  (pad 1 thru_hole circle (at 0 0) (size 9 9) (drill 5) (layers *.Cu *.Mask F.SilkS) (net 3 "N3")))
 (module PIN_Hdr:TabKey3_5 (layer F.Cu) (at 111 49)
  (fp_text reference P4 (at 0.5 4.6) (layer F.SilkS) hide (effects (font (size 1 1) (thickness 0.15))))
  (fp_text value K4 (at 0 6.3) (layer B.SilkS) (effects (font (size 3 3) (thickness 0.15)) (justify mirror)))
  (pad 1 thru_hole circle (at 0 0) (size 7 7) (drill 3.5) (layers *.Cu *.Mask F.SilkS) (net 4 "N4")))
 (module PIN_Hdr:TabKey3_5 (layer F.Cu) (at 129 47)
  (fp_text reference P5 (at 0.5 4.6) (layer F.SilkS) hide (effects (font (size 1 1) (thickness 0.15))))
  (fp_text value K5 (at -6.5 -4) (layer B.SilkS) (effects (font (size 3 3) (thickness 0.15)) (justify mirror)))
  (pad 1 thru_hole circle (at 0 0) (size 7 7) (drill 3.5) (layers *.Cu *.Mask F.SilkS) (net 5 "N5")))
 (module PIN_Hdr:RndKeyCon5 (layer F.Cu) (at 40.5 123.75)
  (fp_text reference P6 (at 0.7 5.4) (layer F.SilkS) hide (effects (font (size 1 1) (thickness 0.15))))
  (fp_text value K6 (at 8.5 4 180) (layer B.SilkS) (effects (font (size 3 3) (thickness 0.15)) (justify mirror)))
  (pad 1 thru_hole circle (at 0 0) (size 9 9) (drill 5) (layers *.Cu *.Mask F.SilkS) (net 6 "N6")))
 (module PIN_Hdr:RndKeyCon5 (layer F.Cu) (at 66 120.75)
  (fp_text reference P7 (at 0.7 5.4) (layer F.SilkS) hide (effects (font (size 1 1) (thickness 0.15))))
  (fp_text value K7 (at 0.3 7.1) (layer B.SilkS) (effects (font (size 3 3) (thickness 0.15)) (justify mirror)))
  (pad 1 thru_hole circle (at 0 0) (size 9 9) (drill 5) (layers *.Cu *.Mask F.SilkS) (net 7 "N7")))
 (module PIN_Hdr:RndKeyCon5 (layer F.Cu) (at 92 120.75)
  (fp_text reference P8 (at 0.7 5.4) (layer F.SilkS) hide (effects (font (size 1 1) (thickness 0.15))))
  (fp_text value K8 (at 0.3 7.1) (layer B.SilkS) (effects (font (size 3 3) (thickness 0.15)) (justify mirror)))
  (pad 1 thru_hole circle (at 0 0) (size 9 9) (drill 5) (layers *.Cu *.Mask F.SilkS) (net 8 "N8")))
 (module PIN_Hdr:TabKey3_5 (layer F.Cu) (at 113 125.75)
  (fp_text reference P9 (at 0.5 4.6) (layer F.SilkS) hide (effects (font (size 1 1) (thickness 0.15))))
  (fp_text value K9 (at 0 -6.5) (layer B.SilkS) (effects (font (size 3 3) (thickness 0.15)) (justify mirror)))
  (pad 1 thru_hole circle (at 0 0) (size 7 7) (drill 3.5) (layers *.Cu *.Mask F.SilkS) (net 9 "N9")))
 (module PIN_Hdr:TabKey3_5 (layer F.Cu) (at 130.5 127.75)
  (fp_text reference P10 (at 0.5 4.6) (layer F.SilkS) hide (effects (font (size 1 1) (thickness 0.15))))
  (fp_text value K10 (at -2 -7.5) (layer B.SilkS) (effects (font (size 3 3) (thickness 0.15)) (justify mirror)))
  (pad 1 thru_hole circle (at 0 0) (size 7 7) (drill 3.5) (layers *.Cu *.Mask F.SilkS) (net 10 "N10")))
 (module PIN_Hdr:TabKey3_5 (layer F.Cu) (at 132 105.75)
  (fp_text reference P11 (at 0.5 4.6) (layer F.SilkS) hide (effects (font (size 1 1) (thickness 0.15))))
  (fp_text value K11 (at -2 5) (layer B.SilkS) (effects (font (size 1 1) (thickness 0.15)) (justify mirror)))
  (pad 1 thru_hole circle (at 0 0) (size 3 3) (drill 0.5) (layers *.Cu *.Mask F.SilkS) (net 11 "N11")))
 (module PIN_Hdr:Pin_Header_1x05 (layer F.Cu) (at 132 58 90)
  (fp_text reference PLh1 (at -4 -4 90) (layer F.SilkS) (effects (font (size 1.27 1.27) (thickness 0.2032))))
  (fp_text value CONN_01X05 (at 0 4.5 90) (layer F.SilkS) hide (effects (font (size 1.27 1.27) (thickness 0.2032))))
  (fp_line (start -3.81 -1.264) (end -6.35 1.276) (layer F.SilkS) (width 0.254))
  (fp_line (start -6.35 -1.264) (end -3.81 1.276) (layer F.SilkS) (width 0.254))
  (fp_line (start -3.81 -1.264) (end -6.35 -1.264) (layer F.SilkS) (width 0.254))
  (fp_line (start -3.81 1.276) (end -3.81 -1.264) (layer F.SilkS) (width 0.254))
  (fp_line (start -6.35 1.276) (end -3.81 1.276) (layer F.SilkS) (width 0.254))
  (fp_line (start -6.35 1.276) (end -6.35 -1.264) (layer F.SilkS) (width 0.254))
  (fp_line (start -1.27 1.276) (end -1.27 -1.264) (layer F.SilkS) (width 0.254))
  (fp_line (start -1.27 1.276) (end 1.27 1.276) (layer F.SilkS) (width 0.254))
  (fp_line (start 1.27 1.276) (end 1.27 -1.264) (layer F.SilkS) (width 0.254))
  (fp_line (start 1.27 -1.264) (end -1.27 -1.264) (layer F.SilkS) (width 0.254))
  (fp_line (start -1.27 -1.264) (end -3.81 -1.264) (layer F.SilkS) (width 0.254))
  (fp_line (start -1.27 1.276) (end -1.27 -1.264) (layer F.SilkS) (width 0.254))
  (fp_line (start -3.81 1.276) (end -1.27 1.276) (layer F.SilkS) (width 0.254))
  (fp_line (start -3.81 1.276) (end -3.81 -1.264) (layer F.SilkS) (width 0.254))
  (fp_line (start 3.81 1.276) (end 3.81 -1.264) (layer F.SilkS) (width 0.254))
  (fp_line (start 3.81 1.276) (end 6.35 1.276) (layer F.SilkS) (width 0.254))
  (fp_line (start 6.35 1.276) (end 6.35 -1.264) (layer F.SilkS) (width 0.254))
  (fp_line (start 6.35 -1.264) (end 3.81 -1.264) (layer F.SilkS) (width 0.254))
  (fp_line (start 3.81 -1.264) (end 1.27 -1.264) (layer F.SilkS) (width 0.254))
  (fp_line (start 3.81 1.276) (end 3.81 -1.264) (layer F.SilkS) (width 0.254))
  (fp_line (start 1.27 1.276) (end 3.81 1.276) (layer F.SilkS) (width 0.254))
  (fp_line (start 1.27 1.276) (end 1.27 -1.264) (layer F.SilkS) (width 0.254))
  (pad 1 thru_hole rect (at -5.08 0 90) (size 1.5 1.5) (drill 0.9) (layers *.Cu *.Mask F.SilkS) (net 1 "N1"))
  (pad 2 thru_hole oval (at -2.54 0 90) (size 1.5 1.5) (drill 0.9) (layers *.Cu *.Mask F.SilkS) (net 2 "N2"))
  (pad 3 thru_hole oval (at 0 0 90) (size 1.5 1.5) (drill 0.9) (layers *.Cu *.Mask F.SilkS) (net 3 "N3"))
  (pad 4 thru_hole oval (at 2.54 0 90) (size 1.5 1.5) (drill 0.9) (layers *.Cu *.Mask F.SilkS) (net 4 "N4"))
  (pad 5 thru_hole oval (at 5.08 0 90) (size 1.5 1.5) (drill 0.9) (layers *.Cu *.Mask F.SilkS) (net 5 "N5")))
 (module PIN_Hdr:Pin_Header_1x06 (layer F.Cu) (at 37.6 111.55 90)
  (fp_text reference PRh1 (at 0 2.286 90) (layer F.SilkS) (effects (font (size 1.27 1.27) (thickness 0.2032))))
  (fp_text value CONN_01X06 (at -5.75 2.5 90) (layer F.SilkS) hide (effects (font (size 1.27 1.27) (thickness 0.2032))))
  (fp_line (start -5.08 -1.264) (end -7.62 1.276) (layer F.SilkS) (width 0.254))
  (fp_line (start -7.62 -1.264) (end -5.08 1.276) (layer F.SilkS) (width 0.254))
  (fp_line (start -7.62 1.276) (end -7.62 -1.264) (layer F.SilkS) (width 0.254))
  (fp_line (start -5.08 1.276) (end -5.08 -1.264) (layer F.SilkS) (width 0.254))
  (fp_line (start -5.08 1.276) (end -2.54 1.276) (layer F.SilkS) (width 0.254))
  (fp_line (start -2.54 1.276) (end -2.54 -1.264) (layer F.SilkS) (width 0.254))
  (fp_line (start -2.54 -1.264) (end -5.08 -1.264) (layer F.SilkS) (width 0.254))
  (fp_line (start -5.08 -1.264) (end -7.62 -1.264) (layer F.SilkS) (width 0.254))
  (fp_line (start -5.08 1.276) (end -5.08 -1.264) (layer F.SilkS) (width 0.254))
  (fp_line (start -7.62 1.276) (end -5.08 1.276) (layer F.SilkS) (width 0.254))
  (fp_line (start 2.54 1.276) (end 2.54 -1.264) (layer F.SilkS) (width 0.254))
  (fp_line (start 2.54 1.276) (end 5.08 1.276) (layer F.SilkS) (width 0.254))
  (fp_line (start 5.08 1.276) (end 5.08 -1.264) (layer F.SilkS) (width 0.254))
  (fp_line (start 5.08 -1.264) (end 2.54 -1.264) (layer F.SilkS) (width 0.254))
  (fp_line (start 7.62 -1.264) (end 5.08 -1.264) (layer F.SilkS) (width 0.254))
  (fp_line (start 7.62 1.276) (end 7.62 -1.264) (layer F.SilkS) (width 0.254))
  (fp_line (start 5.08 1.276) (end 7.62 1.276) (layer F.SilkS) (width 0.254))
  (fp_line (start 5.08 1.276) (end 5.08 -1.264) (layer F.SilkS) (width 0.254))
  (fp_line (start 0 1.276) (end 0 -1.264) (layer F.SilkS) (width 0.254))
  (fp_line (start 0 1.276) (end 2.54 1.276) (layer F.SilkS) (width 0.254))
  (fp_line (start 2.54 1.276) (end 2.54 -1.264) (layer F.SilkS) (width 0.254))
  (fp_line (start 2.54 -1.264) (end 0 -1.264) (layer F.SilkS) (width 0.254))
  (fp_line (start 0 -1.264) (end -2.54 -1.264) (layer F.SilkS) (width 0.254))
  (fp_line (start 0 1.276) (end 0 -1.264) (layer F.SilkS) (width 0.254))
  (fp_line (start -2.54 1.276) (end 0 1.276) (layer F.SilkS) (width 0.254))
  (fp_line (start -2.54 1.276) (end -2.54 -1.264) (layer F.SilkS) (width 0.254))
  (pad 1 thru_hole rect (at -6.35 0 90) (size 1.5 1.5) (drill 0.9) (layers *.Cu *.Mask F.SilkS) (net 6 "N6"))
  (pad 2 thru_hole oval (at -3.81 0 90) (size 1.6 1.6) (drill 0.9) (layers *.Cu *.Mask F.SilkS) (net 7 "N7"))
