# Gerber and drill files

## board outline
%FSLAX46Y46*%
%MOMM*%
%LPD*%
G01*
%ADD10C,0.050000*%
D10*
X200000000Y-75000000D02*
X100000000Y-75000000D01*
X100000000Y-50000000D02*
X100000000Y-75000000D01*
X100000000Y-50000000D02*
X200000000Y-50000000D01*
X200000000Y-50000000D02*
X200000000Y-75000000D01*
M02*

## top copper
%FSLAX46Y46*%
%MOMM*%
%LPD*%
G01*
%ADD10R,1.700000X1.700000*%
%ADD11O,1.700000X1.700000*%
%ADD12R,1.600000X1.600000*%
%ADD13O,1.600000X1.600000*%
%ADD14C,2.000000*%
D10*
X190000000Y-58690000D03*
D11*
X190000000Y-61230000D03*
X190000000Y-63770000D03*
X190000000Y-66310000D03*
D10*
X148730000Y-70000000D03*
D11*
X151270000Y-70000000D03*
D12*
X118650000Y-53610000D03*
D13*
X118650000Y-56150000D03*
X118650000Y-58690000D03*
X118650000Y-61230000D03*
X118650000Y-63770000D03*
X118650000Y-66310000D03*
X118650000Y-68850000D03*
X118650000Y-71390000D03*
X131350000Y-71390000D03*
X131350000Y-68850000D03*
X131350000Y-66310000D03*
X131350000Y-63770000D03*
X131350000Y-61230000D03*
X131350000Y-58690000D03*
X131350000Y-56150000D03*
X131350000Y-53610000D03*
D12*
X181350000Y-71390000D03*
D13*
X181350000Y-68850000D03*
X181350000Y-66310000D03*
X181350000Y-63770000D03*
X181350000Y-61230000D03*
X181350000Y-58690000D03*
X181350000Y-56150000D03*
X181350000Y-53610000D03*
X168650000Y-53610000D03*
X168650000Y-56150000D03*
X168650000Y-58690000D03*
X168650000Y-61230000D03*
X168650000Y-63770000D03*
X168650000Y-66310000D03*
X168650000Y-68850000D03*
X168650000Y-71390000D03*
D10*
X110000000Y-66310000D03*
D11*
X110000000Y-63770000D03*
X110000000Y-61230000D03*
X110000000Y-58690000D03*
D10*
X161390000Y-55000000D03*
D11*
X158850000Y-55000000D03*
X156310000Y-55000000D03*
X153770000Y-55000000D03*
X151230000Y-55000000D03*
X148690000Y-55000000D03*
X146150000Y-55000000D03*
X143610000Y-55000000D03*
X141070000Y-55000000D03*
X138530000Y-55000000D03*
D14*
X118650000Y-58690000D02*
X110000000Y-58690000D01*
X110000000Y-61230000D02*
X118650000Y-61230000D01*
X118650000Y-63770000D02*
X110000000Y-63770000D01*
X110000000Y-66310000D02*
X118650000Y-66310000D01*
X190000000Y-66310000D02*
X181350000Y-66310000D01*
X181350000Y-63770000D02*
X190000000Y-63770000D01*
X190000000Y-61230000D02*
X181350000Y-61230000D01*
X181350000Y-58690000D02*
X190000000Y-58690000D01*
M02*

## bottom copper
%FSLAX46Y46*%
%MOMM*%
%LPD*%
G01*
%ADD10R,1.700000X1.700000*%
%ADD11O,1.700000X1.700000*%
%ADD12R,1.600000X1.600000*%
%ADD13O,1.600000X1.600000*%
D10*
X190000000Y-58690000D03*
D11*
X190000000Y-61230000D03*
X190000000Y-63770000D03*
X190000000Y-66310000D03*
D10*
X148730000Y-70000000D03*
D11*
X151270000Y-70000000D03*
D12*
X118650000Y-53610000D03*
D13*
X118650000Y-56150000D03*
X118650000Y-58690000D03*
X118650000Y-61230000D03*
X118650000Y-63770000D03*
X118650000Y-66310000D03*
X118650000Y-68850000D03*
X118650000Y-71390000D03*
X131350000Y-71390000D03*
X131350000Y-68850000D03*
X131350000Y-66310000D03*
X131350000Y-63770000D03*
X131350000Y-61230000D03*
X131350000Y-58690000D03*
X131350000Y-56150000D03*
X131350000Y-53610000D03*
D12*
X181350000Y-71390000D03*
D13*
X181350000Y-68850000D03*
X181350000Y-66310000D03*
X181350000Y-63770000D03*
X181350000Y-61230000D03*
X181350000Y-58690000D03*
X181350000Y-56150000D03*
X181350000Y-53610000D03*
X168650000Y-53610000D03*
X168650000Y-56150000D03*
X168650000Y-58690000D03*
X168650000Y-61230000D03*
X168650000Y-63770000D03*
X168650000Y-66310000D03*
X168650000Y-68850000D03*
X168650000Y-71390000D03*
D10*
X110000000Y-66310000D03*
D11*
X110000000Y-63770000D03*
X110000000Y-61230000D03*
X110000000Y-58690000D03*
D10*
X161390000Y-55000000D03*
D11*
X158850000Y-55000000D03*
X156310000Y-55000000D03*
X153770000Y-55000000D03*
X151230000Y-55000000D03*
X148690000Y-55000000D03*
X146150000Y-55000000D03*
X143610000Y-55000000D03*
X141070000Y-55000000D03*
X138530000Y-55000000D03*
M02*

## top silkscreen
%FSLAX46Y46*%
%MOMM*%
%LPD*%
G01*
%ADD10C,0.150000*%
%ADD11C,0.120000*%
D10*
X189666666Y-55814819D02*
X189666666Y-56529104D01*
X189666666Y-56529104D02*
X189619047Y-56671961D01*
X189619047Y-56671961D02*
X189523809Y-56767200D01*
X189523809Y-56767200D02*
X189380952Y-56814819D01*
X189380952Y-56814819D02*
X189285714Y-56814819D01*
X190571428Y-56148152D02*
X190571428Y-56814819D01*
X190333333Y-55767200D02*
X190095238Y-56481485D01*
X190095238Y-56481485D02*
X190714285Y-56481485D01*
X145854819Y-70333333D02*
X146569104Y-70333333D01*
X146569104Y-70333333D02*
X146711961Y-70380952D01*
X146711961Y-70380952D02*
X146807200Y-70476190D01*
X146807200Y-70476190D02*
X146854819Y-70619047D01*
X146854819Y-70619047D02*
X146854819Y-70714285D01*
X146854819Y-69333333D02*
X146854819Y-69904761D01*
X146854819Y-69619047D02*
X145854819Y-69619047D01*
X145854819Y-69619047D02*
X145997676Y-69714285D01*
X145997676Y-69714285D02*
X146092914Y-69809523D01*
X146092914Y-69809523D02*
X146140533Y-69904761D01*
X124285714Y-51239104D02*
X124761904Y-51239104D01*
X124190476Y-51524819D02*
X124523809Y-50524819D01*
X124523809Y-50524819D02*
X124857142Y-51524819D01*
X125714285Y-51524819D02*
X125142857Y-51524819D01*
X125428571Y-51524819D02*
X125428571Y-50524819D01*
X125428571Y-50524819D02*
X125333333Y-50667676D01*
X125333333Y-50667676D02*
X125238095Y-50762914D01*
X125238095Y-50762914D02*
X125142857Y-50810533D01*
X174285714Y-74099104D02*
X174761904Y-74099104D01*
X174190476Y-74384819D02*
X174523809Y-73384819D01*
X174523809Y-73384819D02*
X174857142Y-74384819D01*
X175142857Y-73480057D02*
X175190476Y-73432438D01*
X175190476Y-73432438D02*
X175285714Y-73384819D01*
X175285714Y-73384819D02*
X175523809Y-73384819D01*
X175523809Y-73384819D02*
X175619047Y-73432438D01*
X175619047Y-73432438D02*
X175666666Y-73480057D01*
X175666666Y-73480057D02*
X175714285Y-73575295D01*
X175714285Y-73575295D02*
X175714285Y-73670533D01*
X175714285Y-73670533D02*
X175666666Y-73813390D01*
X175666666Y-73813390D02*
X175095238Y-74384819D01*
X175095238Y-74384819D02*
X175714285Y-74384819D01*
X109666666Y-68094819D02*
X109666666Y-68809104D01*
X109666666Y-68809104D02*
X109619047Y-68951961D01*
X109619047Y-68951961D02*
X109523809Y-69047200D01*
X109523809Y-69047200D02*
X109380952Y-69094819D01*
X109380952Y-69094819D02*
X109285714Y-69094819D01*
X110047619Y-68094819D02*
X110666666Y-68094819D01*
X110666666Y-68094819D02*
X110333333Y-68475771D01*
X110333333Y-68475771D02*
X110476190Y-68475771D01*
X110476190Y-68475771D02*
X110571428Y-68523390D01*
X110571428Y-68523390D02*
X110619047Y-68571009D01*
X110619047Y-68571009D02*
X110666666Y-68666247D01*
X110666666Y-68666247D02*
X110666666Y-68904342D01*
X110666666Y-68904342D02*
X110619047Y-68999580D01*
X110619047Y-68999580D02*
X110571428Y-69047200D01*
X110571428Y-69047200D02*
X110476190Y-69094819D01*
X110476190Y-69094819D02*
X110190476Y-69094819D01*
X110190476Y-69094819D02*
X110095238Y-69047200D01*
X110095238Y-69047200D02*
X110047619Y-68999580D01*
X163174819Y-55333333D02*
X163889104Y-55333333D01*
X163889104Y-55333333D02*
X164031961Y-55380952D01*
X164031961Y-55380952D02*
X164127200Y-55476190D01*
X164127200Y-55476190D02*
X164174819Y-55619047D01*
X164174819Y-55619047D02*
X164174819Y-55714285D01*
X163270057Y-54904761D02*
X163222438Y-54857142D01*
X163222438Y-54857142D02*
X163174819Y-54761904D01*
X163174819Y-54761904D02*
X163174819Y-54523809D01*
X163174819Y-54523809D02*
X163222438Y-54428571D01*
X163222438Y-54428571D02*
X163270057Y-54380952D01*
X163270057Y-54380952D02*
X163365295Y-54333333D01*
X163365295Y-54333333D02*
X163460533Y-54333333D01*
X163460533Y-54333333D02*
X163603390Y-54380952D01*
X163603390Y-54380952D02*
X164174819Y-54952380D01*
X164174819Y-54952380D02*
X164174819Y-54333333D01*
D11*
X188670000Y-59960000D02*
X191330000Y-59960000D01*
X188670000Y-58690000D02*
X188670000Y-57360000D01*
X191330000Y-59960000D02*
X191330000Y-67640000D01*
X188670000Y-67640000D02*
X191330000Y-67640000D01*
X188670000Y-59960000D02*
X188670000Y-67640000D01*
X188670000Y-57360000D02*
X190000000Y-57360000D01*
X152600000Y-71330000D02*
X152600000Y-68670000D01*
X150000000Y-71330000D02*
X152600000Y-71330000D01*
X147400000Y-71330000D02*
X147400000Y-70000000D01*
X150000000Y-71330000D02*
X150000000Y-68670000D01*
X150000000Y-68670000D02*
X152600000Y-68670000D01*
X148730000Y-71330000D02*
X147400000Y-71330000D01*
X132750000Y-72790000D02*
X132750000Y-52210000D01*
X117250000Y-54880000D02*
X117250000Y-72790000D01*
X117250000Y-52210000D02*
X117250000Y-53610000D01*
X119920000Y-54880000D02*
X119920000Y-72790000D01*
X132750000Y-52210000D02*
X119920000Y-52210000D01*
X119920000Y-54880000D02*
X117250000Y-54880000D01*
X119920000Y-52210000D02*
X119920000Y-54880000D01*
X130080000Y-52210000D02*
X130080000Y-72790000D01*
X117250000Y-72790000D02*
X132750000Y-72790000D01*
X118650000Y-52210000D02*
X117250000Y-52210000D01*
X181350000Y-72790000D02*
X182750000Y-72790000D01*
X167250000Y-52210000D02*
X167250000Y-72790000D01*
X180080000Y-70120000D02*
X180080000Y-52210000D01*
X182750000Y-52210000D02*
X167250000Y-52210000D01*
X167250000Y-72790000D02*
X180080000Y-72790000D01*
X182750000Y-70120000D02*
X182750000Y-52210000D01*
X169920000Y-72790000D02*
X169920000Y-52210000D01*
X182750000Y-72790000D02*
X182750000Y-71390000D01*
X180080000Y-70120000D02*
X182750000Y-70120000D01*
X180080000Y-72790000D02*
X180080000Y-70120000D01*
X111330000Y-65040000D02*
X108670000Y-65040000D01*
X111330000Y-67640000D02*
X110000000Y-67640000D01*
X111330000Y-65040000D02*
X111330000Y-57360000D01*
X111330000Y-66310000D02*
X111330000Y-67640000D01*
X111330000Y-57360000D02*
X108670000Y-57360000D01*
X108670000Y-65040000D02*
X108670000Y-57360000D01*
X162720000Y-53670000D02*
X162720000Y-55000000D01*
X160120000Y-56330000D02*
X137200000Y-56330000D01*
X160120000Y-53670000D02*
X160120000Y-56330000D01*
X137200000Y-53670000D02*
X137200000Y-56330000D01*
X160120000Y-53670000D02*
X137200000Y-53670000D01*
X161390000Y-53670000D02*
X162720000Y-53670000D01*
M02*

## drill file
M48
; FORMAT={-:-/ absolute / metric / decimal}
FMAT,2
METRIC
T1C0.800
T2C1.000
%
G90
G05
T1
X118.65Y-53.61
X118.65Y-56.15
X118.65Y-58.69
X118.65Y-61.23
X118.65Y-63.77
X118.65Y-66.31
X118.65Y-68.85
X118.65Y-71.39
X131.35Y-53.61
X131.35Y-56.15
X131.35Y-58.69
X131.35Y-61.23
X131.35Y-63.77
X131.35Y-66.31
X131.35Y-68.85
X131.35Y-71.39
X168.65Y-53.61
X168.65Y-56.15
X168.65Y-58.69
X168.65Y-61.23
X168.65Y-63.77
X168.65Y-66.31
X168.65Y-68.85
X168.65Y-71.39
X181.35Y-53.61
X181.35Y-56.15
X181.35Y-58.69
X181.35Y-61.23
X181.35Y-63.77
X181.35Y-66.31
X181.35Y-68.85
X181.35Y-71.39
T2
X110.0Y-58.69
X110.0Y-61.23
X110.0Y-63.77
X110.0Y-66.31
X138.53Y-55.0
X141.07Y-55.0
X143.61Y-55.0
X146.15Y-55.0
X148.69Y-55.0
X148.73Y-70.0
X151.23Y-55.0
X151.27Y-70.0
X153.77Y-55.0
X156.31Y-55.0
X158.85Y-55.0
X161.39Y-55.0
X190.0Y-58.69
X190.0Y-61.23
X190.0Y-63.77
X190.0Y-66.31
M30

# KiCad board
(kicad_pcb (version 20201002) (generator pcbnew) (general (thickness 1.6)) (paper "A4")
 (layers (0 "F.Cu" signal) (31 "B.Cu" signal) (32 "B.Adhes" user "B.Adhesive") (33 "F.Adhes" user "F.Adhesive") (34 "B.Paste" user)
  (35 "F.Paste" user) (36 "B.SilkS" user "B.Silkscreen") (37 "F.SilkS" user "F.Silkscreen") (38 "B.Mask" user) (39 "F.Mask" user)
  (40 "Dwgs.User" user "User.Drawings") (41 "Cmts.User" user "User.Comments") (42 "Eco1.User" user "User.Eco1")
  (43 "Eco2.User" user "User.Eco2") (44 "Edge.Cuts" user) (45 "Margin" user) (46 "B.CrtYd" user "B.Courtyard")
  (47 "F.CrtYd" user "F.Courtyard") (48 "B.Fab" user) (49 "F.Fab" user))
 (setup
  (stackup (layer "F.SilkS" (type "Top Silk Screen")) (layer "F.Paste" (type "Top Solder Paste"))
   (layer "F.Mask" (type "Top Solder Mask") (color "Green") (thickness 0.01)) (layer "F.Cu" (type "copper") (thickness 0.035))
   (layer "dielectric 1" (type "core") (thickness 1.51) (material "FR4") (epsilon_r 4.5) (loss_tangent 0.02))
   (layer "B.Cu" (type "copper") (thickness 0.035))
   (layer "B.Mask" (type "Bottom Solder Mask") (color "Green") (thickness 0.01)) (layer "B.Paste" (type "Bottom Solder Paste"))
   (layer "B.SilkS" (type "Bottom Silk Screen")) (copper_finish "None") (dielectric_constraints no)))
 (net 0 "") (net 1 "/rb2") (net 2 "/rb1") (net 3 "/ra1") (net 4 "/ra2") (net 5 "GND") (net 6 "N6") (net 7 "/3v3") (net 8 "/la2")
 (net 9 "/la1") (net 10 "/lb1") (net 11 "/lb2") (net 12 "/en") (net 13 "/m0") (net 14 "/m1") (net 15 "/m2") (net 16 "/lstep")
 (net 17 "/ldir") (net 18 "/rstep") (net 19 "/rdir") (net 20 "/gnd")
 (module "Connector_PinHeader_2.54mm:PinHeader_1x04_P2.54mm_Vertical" (layer "F.Cu") (at 190 58.69)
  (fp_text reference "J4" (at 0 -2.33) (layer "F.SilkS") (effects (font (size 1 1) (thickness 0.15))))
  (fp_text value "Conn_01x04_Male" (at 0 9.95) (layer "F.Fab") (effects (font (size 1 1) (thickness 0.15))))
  (fp_line (start -1.33 1.27) (end 1.33 1.27) (layer "F.SilkS") (width 0.12))
  (fp_line (start -1.33 0) (end -1.33 -1.33) (layer "F.SilkS") (width 0.12))
  (fp_line (start 1.33 1.27) (end 1.33 8.95) (layer "F.SilkS") (width 0.12))
  (fp_line (start -1.33 8.95) (end 1.33 8.95) (layer "F.SilkS") (width 0.12))
  (fp_line (start -1.33 1.27) (end -1.33 8.95) (layer "F.SilkS") (width 0.12))
  (fp_line (start -1.33 -1.33) (end 0 -1.33) (layer "F.SilkS") (width 0.12))
  (pad "1" thru_hole rect (at 0 0) (size 1.7 1.7) (drill 1) (layers *.Cu *.Mask) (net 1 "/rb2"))
  (pad "2" thru_hole oval (at 0 2.54) (size 1.7 1.7) (drill 1) (layers *.Cu *.Mask) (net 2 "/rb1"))
  (pad "3" thru_hole oval (at 0 5.08) (size 1.7 1.7) (drill 1) (layers *.Cu *.Mask) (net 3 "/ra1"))
  (pad "4" thru_hole oval (at 0 7.62) (size 1.7 1.7) (drill 1) (layers *.Cu *.Mask) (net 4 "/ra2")))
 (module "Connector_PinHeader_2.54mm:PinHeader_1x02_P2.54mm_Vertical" (layer "F.Cu") (at 148.73 70 90)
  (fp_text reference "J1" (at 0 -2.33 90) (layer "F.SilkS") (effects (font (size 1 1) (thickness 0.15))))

------------------------------------------------

**Exercise description**
Every line containing the string "reference" should be pulled from the listing and copied.

**Written solution**
  (fp_text reference P4 (at 0.5 4.6) (layer F.SilkS) hide (effects (font (size 1 1) (thickness 0.15))))
  (fp_text reference P5 (at 0.5 4.6) (layer F.SilkS) hide (effects (font (size 1 1) (thickness 0.15))))
  (fp_text reference P6 (at 0.7 5.4) (layer F.SilkS) hide (effects (font (size 1 1) (thickness 0.15))))
  (fp_text reference P7 (at 0.7 5.4) (layer F.SilkS) hide (effects (font (size 1 1) (thickness 0.15))))
  (fp_text reference P8 (at 0.7 5.4) (layer F.SilkS) hide (effects (font (size 1 1) (thickness 0.15))))
  (fp_text reference P9 (at 0.5 4.6) (layer F.SilkS) hide (effects (font (size 1 1) (thickness 0.15))))
  (fp_text reference P10 (at 0.5 4.6) (layer F.SilkS) hide (effects (font (size 1 1) (thickness 0.15))))
  (fp_text reference P11 (at 0.5 4.6) (layer F.SilkS) hide (effects (font (size 1 1) (thickness 0.15))))
  (fp_text reference PLh1 (at -4 -4 90) (layer F.SilkS) (effects (font (size 1.27 1.27) (thickness 0.2032))))
  (fp_text reference PRh1 (at 0 2.286 90) (layer F.SilkS) (effects (font (size 1.27 1.27) (thickness 0.2032))))
  (fp_text reference "J4" (at 0 -2.33) (layer "F.SilkS") (effects (font (size 1 1) (thickness 0.15))))
  (fp_text reference "J1" (at 0 -2.33 90) (layer "F.SilkS") (effects (font (size 1 1) (thickness 0.15))))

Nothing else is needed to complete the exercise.